# Buying bras



## Steff (Jul 27, 2012)

Sorry lads one for the ladies 


Anyone else find bra shopping a nightmare I assumed I was one size then found out I was another tried bra on then it still didn't fit.i nearly ordered a bra online then realised bras are not the kinda thing you order unless you go to one of these tailor made bra places which I tried but the prices are a joke grrr.oh well I will find one before I lose the shape of um all together


----------



## gail1 (Jul 27, 2012)

bra shopping is a night mare for me as well trying to find one thats nice looking and does the job is a joke


----------



## robofski (Jul 27, 2012)

Worst thing about bras is when your daughter starts wearing them...means she's growing up, next it will be boyfriends and wanting to go to parties   Not happening, she's staying in her room till she's 30!!!


----------



## Monica (Jul 27, 2012)

robofski said:


> Worst thing about bras is when your daughter starts wearing them...means she's growing up, next it will be boyfriends and wanting to go to parties   Not happening, she's staying in her room till she's 30!!!



LOL!
How embarrassing when dad is hanging daughter's bra on the washing line? Daughter's face watching


----------



## Old Holborn (Jul 27, 2012)

More embarrasing is when I go Bra shopping with Wifey and she asks the sales assistant if she got anything for my husband moobs.


----------



## robofski (Jul 27, 2012)

Monica said:


> LOL!
> How embarrassing when dad is hanging daughter's bra on the washing line?
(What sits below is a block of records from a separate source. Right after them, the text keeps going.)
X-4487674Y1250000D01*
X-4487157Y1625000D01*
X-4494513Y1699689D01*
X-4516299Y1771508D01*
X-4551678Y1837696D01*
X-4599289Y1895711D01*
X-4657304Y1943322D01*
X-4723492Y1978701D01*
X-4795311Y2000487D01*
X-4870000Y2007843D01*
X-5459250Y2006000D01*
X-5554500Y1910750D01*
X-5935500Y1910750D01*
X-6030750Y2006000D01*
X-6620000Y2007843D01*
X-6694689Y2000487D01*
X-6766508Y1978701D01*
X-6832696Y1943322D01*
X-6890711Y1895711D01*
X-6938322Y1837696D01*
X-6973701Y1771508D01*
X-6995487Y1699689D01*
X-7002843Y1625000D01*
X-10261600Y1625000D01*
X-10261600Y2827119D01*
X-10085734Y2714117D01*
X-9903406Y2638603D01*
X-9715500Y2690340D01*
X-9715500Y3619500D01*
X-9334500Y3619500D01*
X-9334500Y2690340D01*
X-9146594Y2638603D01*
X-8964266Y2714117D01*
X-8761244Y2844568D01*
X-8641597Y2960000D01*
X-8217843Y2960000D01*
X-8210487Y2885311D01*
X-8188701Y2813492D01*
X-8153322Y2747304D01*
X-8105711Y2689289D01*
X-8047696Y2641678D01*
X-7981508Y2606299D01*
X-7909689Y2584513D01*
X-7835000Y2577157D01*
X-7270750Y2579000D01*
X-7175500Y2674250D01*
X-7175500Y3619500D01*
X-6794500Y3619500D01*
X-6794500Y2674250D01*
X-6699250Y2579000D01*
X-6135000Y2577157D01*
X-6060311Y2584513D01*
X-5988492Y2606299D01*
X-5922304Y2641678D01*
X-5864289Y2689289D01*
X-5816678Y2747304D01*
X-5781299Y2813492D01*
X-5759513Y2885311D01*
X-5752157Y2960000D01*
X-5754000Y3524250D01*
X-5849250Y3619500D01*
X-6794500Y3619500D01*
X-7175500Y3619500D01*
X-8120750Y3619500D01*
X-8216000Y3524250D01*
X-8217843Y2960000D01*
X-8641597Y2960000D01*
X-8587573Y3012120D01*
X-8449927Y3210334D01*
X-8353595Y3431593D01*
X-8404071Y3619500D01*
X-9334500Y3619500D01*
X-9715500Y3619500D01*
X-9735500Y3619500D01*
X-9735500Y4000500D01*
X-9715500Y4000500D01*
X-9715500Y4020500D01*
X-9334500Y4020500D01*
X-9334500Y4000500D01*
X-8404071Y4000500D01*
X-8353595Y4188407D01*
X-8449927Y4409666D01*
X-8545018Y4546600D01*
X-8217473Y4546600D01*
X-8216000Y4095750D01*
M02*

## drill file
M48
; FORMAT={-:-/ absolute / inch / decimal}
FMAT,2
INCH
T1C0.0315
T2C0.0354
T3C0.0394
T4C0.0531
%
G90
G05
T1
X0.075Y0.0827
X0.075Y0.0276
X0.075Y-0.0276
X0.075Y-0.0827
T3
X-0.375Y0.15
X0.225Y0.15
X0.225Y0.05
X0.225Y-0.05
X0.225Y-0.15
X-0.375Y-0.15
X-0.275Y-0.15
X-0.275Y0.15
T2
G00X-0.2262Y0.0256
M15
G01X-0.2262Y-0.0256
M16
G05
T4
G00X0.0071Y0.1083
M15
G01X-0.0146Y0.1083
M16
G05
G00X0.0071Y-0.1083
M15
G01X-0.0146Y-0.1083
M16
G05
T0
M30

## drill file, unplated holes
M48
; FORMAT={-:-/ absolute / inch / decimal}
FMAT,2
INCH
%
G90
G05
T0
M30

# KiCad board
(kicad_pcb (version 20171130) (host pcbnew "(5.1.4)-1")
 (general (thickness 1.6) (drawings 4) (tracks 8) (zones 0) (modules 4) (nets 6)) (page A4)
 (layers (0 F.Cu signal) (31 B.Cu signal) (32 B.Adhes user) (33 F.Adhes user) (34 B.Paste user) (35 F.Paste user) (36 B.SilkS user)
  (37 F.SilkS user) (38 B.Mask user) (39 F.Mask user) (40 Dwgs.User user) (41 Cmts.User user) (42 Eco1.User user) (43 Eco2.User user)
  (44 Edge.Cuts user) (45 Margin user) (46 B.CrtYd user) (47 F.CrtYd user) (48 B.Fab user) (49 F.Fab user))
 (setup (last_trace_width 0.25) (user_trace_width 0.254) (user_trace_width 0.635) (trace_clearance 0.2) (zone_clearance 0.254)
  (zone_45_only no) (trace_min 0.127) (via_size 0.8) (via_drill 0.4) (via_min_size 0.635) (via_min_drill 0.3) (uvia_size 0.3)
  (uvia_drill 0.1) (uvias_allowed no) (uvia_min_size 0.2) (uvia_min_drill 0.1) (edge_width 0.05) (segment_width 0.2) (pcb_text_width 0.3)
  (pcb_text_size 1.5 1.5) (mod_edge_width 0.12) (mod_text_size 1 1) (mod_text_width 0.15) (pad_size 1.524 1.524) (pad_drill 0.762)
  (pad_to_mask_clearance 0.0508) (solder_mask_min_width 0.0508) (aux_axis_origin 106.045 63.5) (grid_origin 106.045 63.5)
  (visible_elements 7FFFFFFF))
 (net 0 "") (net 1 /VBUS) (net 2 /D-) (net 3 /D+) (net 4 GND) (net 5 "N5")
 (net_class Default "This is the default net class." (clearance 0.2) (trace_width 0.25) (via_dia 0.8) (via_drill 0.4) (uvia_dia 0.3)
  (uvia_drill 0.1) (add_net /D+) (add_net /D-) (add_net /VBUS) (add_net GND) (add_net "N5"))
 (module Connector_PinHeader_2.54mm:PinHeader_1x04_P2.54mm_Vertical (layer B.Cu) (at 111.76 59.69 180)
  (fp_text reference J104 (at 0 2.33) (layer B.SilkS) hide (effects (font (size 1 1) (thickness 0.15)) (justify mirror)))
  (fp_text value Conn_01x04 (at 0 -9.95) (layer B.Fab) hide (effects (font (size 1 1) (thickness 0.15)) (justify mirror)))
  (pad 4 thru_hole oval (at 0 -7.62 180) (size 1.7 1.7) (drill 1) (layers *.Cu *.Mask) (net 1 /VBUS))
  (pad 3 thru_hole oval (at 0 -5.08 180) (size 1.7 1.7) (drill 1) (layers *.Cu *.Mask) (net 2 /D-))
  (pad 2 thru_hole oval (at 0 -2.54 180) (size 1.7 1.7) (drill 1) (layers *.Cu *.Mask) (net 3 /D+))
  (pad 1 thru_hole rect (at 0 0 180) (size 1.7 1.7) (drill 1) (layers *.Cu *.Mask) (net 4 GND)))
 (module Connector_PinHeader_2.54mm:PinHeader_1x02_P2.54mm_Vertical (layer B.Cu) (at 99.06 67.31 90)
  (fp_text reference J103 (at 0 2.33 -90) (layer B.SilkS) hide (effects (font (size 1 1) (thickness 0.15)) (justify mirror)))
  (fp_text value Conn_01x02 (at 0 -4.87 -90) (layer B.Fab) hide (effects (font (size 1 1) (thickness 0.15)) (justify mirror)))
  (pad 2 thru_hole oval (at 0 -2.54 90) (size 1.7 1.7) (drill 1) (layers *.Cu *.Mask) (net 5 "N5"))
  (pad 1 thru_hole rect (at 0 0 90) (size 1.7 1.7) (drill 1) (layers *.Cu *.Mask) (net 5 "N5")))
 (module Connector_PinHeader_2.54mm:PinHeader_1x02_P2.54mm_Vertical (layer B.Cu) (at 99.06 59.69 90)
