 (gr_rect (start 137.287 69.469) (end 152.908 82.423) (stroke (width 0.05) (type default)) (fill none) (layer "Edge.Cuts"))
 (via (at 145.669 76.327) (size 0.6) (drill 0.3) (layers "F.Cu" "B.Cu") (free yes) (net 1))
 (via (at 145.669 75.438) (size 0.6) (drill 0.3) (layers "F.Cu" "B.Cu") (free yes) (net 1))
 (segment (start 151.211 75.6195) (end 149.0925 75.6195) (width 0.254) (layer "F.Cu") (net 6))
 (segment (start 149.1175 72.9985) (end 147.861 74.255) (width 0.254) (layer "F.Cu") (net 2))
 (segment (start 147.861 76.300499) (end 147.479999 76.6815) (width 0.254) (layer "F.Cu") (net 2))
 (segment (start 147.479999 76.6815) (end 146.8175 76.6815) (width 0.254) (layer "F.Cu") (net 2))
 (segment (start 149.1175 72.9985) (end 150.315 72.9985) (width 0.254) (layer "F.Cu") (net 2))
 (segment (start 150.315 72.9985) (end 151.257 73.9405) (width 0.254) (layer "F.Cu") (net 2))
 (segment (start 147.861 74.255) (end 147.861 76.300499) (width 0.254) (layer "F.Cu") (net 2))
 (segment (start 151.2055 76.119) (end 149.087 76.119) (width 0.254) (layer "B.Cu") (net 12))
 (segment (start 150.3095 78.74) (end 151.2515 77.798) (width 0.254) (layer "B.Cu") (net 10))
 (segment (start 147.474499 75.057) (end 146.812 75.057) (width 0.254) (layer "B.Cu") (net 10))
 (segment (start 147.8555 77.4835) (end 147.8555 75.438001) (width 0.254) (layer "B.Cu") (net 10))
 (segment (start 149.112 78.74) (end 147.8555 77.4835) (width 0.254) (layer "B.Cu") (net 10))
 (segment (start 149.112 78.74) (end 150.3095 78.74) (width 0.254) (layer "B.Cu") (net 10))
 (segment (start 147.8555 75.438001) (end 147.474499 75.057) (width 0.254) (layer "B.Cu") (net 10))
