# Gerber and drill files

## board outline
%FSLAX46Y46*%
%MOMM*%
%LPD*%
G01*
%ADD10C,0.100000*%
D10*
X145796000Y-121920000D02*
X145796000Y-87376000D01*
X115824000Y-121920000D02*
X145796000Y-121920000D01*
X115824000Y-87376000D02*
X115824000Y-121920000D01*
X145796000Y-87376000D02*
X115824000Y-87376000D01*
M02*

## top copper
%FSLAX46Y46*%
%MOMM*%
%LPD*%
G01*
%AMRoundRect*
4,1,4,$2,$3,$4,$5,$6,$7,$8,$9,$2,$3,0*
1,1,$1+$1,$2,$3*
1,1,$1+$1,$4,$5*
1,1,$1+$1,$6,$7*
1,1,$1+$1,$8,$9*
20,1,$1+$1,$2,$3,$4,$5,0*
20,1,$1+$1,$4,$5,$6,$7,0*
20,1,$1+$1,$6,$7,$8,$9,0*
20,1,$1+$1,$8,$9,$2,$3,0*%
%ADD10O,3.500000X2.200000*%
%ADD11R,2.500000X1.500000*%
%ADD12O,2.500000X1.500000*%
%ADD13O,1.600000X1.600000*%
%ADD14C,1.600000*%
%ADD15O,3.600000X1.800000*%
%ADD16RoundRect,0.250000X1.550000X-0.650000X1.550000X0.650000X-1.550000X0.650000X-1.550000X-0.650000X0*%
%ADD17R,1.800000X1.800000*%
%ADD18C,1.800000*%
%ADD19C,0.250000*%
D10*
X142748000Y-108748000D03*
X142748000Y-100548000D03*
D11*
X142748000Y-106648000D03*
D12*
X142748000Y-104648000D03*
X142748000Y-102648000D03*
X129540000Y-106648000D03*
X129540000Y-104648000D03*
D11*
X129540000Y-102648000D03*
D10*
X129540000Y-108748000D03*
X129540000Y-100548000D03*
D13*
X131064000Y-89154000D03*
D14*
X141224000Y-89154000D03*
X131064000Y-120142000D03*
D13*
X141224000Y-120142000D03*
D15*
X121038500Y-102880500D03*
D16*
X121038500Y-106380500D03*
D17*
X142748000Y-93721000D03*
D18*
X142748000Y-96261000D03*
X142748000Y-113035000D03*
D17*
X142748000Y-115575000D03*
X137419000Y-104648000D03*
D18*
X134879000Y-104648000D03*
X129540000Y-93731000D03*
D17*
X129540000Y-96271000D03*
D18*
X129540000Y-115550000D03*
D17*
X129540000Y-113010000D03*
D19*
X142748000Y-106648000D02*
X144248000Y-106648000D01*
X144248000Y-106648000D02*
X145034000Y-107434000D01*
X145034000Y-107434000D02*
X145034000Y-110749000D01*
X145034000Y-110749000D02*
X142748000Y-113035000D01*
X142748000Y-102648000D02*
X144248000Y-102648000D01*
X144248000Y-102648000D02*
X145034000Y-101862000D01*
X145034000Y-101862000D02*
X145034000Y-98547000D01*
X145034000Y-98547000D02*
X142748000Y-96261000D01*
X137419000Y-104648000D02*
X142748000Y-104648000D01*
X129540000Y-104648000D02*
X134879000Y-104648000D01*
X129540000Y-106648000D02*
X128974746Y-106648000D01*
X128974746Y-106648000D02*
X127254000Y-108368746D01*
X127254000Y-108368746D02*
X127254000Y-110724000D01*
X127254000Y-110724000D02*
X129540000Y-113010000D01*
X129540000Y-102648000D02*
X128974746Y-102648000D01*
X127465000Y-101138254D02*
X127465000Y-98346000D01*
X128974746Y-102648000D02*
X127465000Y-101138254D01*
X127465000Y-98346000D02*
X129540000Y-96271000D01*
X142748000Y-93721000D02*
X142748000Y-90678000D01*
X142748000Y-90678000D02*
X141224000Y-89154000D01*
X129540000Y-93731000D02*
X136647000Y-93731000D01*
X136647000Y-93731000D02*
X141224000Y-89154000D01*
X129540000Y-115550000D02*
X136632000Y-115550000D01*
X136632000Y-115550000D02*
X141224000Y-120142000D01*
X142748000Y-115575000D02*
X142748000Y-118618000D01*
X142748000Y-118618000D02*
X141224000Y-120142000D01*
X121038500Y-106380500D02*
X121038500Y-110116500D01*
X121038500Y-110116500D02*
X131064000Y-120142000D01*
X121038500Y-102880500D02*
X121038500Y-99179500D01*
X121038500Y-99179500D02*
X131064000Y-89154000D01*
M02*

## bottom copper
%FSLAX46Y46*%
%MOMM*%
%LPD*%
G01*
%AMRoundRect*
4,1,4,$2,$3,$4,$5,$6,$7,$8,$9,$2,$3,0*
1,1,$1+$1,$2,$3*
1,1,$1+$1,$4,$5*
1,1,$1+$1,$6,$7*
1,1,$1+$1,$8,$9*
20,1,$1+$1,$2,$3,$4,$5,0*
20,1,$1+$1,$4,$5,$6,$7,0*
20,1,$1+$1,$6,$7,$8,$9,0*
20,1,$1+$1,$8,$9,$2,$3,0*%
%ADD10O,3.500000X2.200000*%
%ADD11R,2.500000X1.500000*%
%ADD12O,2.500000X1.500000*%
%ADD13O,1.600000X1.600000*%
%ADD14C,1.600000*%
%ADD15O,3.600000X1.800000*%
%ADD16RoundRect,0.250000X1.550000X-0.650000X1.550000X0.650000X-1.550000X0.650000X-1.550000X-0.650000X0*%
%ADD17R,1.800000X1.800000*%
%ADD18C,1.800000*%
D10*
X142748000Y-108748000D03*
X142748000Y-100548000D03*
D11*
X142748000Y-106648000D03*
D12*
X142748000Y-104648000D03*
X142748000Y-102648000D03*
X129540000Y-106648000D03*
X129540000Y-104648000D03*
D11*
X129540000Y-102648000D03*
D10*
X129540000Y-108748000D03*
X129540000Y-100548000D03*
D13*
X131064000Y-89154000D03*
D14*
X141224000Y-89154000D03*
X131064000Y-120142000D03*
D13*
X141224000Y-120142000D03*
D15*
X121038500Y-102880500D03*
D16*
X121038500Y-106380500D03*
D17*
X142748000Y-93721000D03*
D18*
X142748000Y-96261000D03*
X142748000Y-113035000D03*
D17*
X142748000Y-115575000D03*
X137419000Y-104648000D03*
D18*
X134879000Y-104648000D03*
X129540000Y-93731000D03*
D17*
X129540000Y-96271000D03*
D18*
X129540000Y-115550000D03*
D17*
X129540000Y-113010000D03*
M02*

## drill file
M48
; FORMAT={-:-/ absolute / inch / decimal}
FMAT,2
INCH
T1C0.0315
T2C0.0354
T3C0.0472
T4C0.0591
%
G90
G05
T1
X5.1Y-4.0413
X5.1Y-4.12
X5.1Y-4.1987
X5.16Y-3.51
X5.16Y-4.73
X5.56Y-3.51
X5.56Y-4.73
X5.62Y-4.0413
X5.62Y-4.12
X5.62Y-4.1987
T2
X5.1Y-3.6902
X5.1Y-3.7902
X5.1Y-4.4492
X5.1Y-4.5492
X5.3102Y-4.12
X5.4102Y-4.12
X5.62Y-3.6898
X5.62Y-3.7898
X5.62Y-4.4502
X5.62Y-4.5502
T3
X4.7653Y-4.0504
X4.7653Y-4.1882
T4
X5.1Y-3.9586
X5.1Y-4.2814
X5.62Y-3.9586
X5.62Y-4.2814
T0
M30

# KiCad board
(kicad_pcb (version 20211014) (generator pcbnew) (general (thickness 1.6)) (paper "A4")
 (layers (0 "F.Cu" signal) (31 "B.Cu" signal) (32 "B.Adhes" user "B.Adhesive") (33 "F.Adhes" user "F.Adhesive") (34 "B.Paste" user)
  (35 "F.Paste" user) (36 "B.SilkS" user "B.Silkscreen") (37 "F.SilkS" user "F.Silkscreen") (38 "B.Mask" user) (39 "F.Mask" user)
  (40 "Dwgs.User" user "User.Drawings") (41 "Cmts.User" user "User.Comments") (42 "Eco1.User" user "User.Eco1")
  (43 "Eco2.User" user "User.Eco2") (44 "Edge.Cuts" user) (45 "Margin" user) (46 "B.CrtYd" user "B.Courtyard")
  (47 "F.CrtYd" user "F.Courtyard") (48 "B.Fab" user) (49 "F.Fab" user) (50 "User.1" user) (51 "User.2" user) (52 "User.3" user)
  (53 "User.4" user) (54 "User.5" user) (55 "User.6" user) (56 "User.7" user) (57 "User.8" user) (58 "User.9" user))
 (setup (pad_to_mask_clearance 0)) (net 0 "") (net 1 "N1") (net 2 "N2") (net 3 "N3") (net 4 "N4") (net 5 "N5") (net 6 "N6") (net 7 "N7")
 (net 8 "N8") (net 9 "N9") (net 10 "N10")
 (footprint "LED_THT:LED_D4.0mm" (layer "F.Cu") (at 142.748 93.721 -90)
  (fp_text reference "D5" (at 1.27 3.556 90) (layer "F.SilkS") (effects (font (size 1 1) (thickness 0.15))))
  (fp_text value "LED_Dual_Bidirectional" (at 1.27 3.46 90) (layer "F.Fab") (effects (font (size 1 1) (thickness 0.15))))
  (pad "1" thru_hole rect (at 0 0 270) (size 1.8 1.8) (drill 0.9) (layers *.Cu *.Mask) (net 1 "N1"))
  (pad "2" thru_hole circle (at 2.54 0 270) (size 1.8 1.8) (drill 0.9) (layers *.Cu *.Mask) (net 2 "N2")))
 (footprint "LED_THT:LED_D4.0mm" (layer "F.Cu") (at 142.748 115.575 90)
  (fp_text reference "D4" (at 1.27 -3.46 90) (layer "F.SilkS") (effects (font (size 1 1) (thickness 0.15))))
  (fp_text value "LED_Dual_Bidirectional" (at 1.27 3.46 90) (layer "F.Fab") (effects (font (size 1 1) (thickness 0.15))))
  (pad "1" thru_hole rect (at 0 0 90) (size 1.8 1.8) (drill 0.9) (layers *.Cu *.Mask) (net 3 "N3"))
  (pad "2" thru_hole circle (at 2.54 0 90) (size 1.8 1.8) (drill 0.9) (layers *.Cu *.Mask) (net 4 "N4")))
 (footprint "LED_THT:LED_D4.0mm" (layer "F.Cu") (at 137.419 104.648 180)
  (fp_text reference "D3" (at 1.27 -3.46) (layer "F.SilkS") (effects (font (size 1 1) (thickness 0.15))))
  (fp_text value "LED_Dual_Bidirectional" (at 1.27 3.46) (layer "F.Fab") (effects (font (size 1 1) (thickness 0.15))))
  (pad "1" thru_hole rect (at 0 0 180) (size 1.8 1.8) (drill 0.9) (layers *.Cu *.Mask) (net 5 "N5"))
  (pad "2" thru_hole circle (at 2.54 0 180) (size 1.8 1.8) (drill 0.9) (layers *.Cu *.Mask) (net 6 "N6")))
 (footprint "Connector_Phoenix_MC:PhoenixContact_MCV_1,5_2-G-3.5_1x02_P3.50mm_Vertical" (layer "F.Cu") (at 121.0385 106.3805 90)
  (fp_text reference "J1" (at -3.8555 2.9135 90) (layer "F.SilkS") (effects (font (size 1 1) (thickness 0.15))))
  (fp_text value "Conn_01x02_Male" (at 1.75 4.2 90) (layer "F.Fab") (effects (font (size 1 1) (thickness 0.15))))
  (pad "1" thru_hole roundrect (at 0 0 90) (size 1.8 3.6) (drill 1.2) (layers *.Cu *.Mask) (roundrect_rratio 0.1388888889) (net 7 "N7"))
  (pad "2" thru_hole oval (at 3.5 0 90) (size 1.8 3.6) (drill 1.2) (layers *.Cu *.Mask) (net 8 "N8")))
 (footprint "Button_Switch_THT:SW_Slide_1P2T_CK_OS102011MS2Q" (layer "F.Cu") (at 142.748 106.648 90)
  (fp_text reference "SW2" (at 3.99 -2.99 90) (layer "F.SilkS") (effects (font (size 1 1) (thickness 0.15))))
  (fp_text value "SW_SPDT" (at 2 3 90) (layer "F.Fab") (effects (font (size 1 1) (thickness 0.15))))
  (pad "" thru_hole oval (at 6.1 0 90) (size 2.2 3.5) (drill 1.5) (layers *.Cu *.Mask))
  (pad "" thru_hole oval (at -2.1 0 90) (size 2.2 3.5) (drill 1.5) (layers *.Cu *.Mask))
  (pad "1" thru_hole rect (at 0 0 90) (size 1.5 2.5) (drill 0.8) (layers *.Cu *.Mask) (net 4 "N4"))
  (pad "2" thru_hole oval (at 2 0 90) (size 1.5 2.5) (drill 0.8) (layers *.Cu *.Mask) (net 5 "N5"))
  (pad "3" thru_hole oval (at 4 0 90) (size 1.5 2.5) (drill 0.8) (layers *.Cu *.Mask) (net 2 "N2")))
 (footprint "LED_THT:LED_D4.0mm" (layer "F.Cu") (at 129.54 96.271 90)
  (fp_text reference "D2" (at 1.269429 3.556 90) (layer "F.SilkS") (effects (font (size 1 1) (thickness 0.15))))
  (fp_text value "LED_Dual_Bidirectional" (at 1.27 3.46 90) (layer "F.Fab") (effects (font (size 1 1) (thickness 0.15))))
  (pad "1" thru_hole rect (at 0 0 90) (size 1.8 1.8) (drill 0.9) (layers *.Cu *.Mask) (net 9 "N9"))
  (pad "2" thru_hole circle (at 2.54 0 90) (size 1.8 1.8) (drill 0.9) (layers *.Cu *.Mask) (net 1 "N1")))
Daughter's face watching



I'm not allowed to do the washing, can't be trusted to get it right (my evil plan worked!!)


----------



## trophywench (Jul 27, 2012)

You are correct, nightmare.

M&S bras used to fit me, as had Next - now they don't, but now BHS do.


----------



## Steff (Jul 27, 2012)

Rofl love how nearly as many men have chipped in hehe

I go for Evans bras as a rule but they seem to be causing me a right mare atm


----------



## Northerner (Jul 27, 2012)

I can't remember the last time I bought a bra...


----------



## cazscot (Jul 27, 2012)

I know how you feel, Steff, I got measured in m and s, bhs, and debenhams when I lost weight and they all measured differently. I have found a bra that works for me (m and s) it is underwired at only ?14 each and comes in 4/5 different colours I might be boring but I don't care I know that this one works for me so it is the only style I wear now.


----------



## newbs (Jul 27, 2012)

I always stick to Freya bras as they are true to size and fit well, they are not cheap - though I do get them new cheap on Ebay now I know my size.  M&S bras don't fit me at all, whichever size I try.


----------



## KateR (Jul 27, 2012)

I always stick to the same one (Triumph) and look out for offers in magazines.


----------



## novorapidboi26 (Jul 27, 2012)

My misses has quite big boobs and when I met her was falling out her bras as she had never been measured, she then went to Debenhams and got measured and t some that fitted really well, then she had 2 kids and her size Changed again, smaller in fact....;(.........she then had to get measured again......

More often than no though she uses the shop Bravissimo, they don't actually measure you, you just try some on and then pick which ones are comfiest and look nice.......that shop is better for more sexier and cheaper ones.....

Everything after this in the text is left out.